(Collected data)
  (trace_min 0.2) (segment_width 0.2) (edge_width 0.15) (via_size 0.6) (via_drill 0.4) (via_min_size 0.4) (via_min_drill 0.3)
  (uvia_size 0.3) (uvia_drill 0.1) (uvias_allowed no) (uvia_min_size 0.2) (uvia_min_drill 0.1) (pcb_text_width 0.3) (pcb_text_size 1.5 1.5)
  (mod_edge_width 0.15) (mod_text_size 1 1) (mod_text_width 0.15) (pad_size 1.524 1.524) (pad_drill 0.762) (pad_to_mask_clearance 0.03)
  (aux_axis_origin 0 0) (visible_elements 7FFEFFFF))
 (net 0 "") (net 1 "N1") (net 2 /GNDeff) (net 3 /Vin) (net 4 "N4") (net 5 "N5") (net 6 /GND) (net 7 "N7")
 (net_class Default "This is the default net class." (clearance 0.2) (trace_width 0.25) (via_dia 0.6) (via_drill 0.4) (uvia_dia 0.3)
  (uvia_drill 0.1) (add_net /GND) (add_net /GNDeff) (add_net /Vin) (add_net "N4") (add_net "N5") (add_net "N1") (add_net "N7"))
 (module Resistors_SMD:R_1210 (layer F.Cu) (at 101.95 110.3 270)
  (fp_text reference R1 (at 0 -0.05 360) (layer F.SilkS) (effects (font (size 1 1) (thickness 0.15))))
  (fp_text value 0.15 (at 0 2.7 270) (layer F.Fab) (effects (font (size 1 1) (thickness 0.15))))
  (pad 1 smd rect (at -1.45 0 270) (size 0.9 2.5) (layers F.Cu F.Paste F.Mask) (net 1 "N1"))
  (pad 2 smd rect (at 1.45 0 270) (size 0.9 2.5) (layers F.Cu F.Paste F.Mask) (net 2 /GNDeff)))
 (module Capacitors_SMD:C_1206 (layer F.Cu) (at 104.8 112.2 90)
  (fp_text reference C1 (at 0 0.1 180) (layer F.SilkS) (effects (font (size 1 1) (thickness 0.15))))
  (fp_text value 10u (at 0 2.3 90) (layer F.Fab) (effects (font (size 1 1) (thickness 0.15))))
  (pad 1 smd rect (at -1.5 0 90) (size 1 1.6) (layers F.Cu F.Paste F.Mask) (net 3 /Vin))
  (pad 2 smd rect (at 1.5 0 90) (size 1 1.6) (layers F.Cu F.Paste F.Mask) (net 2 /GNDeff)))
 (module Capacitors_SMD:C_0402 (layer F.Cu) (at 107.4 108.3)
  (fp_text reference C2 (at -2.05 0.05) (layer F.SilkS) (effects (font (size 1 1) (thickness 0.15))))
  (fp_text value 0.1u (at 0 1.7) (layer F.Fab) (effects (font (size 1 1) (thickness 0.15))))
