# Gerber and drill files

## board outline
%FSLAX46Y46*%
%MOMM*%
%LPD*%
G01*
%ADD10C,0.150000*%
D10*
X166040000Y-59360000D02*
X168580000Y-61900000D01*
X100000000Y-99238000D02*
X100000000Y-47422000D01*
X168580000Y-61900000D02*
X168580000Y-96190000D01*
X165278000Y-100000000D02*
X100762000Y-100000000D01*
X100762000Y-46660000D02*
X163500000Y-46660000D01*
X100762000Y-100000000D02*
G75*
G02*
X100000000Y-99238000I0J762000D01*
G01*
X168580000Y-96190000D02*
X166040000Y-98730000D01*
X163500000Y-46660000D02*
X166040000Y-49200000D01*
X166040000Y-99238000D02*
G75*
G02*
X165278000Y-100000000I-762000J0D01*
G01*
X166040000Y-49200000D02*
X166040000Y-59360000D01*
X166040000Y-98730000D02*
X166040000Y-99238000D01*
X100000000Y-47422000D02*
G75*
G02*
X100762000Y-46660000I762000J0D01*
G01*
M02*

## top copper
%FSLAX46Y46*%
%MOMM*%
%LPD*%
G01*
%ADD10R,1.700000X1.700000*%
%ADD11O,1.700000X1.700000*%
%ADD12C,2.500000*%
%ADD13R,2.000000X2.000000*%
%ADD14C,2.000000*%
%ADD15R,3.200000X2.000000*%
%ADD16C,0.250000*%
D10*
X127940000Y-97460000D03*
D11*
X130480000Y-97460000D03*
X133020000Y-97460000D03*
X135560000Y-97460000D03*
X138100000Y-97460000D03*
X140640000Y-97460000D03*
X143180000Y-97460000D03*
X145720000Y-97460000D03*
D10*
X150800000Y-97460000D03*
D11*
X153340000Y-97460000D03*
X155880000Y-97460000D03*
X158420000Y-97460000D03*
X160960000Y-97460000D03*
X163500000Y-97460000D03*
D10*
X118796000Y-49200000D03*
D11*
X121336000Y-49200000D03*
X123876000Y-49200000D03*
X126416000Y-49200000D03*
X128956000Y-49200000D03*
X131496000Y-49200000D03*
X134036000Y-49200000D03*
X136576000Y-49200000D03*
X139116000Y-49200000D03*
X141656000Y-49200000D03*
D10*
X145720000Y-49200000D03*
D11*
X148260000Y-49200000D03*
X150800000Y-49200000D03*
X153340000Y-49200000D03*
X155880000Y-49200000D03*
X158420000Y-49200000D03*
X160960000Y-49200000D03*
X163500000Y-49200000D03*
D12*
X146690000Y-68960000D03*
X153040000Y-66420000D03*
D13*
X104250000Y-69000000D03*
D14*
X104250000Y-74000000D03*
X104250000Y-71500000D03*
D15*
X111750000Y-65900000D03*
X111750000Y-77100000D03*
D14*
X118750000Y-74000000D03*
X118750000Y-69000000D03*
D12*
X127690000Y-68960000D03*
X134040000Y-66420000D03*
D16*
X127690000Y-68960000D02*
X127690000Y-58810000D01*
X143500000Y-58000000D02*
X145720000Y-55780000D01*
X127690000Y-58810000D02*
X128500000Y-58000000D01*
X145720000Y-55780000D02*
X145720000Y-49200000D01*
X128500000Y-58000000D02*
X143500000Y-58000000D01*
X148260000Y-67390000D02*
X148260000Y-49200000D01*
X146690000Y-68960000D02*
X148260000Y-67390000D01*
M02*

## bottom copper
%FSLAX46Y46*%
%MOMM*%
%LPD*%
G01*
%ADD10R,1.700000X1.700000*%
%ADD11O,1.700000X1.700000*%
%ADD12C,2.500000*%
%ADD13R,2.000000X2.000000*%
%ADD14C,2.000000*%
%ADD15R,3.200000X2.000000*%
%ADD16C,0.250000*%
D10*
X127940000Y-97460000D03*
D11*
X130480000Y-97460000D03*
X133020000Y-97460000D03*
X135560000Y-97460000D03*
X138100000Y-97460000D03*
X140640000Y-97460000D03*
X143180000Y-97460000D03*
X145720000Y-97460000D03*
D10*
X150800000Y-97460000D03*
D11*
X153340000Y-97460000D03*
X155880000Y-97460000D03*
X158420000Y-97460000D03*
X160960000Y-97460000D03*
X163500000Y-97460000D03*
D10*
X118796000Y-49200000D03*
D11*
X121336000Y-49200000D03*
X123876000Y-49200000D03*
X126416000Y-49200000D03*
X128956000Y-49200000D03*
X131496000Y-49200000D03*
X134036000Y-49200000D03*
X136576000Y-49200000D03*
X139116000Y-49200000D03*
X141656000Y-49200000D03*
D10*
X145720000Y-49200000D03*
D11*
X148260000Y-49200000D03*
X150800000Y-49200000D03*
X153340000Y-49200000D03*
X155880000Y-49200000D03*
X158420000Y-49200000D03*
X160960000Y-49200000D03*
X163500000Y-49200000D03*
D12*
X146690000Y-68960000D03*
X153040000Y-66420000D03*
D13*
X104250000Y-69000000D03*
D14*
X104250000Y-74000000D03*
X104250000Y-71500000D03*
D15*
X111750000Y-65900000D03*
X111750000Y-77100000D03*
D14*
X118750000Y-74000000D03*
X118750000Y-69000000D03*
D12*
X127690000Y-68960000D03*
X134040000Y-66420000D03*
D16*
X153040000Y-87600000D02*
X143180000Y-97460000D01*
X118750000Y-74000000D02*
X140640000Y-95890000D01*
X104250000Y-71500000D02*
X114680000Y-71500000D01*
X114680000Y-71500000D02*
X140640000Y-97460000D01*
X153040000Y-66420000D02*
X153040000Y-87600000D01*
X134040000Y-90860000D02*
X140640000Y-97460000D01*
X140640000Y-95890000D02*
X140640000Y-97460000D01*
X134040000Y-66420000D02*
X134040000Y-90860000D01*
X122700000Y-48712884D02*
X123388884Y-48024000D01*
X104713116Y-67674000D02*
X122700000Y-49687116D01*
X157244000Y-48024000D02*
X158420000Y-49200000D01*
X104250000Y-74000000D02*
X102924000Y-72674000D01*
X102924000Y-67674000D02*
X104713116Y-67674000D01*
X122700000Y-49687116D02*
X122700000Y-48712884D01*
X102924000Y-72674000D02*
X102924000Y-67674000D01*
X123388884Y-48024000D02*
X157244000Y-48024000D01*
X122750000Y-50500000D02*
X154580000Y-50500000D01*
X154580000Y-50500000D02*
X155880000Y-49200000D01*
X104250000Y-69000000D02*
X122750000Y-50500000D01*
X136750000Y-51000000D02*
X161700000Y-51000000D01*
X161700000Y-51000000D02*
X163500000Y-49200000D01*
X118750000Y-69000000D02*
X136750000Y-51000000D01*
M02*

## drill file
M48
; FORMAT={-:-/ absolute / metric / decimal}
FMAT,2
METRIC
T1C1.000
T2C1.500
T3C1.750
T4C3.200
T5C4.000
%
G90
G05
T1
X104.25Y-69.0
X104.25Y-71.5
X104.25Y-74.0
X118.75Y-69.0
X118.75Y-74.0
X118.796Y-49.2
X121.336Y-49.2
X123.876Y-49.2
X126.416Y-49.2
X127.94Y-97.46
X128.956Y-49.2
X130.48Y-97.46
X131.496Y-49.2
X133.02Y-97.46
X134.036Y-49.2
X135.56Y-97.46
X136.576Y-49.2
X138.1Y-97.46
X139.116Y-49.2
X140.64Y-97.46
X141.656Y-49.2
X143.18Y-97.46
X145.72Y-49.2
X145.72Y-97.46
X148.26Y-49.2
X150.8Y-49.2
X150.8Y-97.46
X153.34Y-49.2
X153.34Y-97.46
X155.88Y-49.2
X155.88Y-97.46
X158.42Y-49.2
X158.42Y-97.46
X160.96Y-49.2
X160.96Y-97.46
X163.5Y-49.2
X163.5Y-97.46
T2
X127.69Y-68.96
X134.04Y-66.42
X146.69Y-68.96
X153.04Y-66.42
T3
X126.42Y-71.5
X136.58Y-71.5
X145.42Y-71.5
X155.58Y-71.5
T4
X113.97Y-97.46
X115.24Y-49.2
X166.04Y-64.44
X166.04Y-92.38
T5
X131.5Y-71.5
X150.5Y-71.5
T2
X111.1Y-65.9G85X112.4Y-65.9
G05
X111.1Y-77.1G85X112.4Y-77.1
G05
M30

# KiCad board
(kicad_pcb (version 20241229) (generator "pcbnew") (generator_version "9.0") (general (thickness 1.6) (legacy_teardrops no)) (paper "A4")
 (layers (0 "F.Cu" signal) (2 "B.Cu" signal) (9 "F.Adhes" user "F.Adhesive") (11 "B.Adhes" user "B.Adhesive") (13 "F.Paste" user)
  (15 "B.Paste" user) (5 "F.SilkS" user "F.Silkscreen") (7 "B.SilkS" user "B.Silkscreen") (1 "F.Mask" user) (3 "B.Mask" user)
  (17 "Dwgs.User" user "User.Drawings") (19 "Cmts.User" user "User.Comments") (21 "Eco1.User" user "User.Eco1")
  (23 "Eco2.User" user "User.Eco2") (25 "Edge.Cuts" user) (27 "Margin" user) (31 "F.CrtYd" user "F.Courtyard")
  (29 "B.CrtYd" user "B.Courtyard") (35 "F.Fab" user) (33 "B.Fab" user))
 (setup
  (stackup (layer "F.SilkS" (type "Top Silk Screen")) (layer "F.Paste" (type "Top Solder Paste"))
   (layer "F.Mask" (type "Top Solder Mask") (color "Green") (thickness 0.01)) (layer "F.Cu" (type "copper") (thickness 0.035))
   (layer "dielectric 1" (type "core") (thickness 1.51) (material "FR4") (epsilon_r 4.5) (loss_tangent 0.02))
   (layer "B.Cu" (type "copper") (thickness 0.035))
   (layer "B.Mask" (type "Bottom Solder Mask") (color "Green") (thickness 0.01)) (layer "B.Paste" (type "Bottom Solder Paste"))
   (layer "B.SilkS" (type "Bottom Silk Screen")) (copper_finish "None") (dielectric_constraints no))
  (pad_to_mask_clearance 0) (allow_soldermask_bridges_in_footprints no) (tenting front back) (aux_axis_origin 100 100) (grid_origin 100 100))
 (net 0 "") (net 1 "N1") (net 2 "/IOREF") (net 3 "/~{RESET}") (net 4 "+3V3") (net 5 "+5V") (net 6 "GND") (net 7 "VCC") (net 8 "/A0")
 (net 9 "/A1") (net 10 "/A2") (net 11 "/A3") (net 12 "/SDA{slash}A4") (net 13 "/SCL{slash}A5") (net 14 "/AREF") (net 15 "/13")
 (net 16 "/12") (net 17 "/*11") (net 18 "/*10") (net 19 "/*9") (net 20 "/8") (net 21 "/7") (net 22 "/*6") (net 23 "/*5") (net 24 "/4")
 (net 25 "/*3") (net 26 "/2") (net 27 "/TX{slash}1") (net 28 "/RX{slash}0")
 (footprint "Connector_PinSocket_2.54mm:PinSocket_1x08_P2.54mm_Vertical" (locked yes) (layer "F.Cu") (at 127.94 97.46 90)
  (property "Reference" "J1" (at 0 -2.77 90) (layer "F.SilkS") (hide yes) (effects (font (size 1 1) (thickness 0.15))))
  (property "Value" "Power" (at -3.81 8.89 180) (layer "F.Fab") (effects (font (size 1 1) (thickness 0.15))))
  (pad "1" thru_hole rect (at 0 0 90) (size 1.7 1.7) (drill 1) (layers "*.Cu" "*.Mask") (remove_unused_layers no) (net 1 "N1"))
  (pad "2" thru_hole oval (at 0 2.54 90) (size 1.7 1.7) (drill 1) (layers "*.Cu" "*.Mask") (remove_unused_layers no) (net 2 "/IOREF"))
  (pad "3" thru_hole oval (at 0 5.08 90) (size 1.7 1.7) (drill 1) (layers "*.Cu" "*.Mask") (remove_unused_layers no) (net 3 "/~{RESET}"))
  (pad "4" thru_hole oval (at 0 7.62 90) (size 1.7 1.7) (drill 1) (layers "*.Cu" "*.Mask") (remove_unused_layers no) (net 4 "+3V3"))
  (pad "5" thru_hole oval (at 0 10.16 90) (size 1.7 1.7) (drill 1) (layers "*.Cu" "*.Mask") (remove_unused_layers no) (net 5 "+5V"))
  (pad "6" thru_hole oval (at 0 12.7 90) (size 1.7 1.7) (drill 1) (layers "*.Cu" "*.Mask") (remove_unused_layers no) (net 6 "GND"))
  (pad "7" thru_hole oval (at 0 15.24 90) (size 1.7 1.7) (drill 1) (layers "*.Cu" "*.Mask") (remove_unused_layers no) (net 6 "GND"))
  (pad "8" thru_hole oval (at 0 17.78 90) (size 1.7 1.7) (drill 1) (layers "*.Cu" "*.Mask") (remove_unused_layers no) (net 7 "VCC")))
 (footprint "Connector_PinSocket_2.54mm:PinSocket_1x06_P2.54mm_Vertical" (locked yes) (layer "F.Cu") (at 150.8 97.46 90)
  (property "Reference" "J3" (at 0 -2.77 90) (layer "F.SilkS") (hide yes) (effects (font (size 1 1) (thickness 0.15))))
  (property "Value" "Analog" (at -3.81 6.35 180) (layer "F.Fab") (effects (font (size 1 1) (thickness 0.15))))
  (pad "1" thru_hole rect (at 0 0 90) (size 1.7 1.7) (drill 1) (layers "*.Cu" "*.Mask") (remove_unused_layers no) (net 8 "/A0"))
  (pad "2" thru_hole oval (at 0 2.54 90) (size 1.7 1.7) (drill 1) (layers "*.Cu" "*.Mask") (remove_unused_layers no) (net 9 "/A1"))
  (pad "3" thru_hole oval (at 0 5.08 90) (size 1.7 1.7) (drill 1) (layers "*.Cu" "*.Mask") (remove_unused_layers no) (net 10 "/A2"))
  (pad "4" thru_hole oval (at 0 7.62 90) (size 1.7 1.7) (drill 1) (layers "*.Cu" "*.Mask") (remove_unused_layers no) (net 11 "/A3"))
  (pad "5" thru_hole oval (at 0 10.16 90) (size 1.7 1.7) (drill 1) (layers "*.Cu" "*.Mask") (remove_unused_layers no)
   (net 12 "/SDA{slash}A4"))
  (pad "6" thru_hole oval (at 0 12.7 90) (size 1.7 1.7) (drill 1) (layers "*.Cu" "*.Mask") (remove_unused_layers no)
   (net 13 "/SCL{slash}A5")))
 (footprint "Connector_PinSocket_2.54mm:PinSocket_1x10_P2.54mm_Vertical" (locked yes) (layer "F.Cu") (at 118.796 49.2 90)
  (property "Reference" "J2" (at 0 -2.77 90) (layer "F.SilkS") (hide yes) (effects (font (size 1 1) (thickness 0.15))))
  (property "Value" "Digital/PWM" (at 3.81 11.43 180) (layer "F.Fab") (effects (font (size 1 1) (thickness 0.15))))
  (pad "1" thru_hole rect (at 0 0 90) (size 1.7 1.7) (drill 1) (layers "*.Cu" "*.Mask") (remove_unused_layers no) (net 13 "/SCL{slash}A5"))
  (pad "2" thru_hole oval (at 0 2.54 90) (size 1.7 1.7) (drill 1) (layers "*.Cu" "*.Mask") (remove_unused_layers no)
   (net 12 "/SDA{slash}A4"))
  (pad "3" thru_hole oval (at 0 5.08 90) (size 1.7 1.7) (drill 1) (layers "*.Cu" "*.Mask") (remove_unused_layers no) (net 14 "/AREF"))
  (pad "4" thru_hole oval (at 0 7.62 90) (size 1.7 1.7) (drill 1) (layers "*.Cu" "*.Mask") (remove_unused_layers no) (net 6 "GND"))
  (pad "5" thru_hole oval (at 0 10.16 90) (size 1.7 1.7) (drill 1) (layers "*.Cu" "*.Mask") (remove_unused_layers no) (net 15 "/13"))
  (pad "6" thru_hole oval (at 0 12.7 90) (size 1.7 1.7) (drill 1) (layers "*.Cu" "*.Mask") (remove_unused_layers no) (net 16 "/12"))
  (pad "7" thru_hole oval (at 0 15.24 90) (size 1.7 1.7) (drill 1) (layers "*.Cu" "*.Mask") (remove_unused_layers no) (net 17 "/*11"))
  (pad "8" thru_hole oval (at 0 17.78 90) (size 1.7 1.7) (drill 1) (layers "*.Cu" "*.Mask") (remove_unused_layers no) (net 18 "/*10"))
  (pad "9" thru_hole oval (at 0 20.32 90) (size 1.7 1.7) (drill 1) (layers "*.Cu" "*.Mask") (remove_unused_layers no) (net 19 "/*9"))
  (pad "10" thru_hole oval (at 0 22.86 90) (size 1.7 1.7) (drill 1) (layers "*.Cu" "*.Mask") (remove_unused_layers no) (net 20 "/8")))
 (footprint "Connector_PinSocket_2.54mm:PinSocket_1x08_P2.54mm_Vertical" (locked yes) (layer "F.Cu") (at 145.72 49.2 90)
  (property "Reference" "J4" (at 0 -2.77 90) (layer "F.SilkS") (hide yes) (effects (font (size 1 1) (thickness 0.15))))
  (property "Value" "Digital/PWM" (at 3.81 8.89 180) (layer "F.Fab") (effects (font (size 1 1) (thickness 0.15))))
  (pad "1" thru_hole rect (at 0 0 90) (size 1.7 1.7) (drill 1) (layers "*.Cu" "*.Mask") (remove_unused_layers no) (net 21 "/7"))
  (pad "2" thru_hole oval (at 0 2.54 90) (size 1.7 1.7) (drill 1) (layers "*.Cu" "*.Mask") (remove_unused_layers no) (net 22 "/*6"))
  (pad "3" thru_hole oval (at 0 5.08 90) (size 1.7 1.7) (drill 1) (layers "*.Cu" "*.Mask") (remove_unused_layers no) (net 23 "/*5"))
  (pad "4" thru_hole oval (at 0 7.62 90) (size 1.7 1.7) (drill 1) (layers "*.Cu" "*.Mask") (remove_unused_layers no) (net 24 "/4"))
  (pad "5" thru_hole oval (at 0 10.16 90) (size 1.7 1.7) (drill 1) (layers "*.Cu" "*.Mask") (remove_unused_layers no) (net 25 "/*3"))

**Work required**
Begin with the line above that has "(uvia_size 0.3) (uvia_drill" and continue through the line that has "(fp_text reference R1", setting each one down exactly. Stop there.

**Answer**
  (uvia_size 0.3) (uvia_drill 0.1) (uvias_allowed no) (uvia_min_size 0.2) (uvia_min_drill 0.1) (pcb_text_width 0.3) (pcb_text_size 1.5 1.5)
  (mod_edge_width 0.15) (mod_text_size 1 1) (mod_text_width 0.15) (pad_size 1.524 1.524) (pad_drill 0.762) (pad_to_mask_clearance 0.03)
  (aux_axis_origin 0 0) (visible_elements 7FFEFFFF))
 (net 0 "") (net 1 "N1") (net 2 /GNDeff) (net 3 /Vin) (net 4 "N4") (net 5 "N5") (net 6 /GND) (net 7 "N7")
 (net_class Default "This is the default net class." (clearance 0.2) (trace_width 0.25) (via_dia 0.6) (via_drill 0.4) (uvia_dia 0.3)
  (uvia_drill 0.1) (add_net /GND) (add_net /GNDeff) (add_net /Vin) (add_net "N4") (add_net "N5") (add_net "N1") (add_net "N7"))
 (module Resistors_SMD:R_1210 (layer F.Cu) (at 101.95 110.3 270)
  (fp_text reference R1 (at 0 -0.05 360) (layer F.SilkS) (effects (font (size 1 1) (thickness 0.15))))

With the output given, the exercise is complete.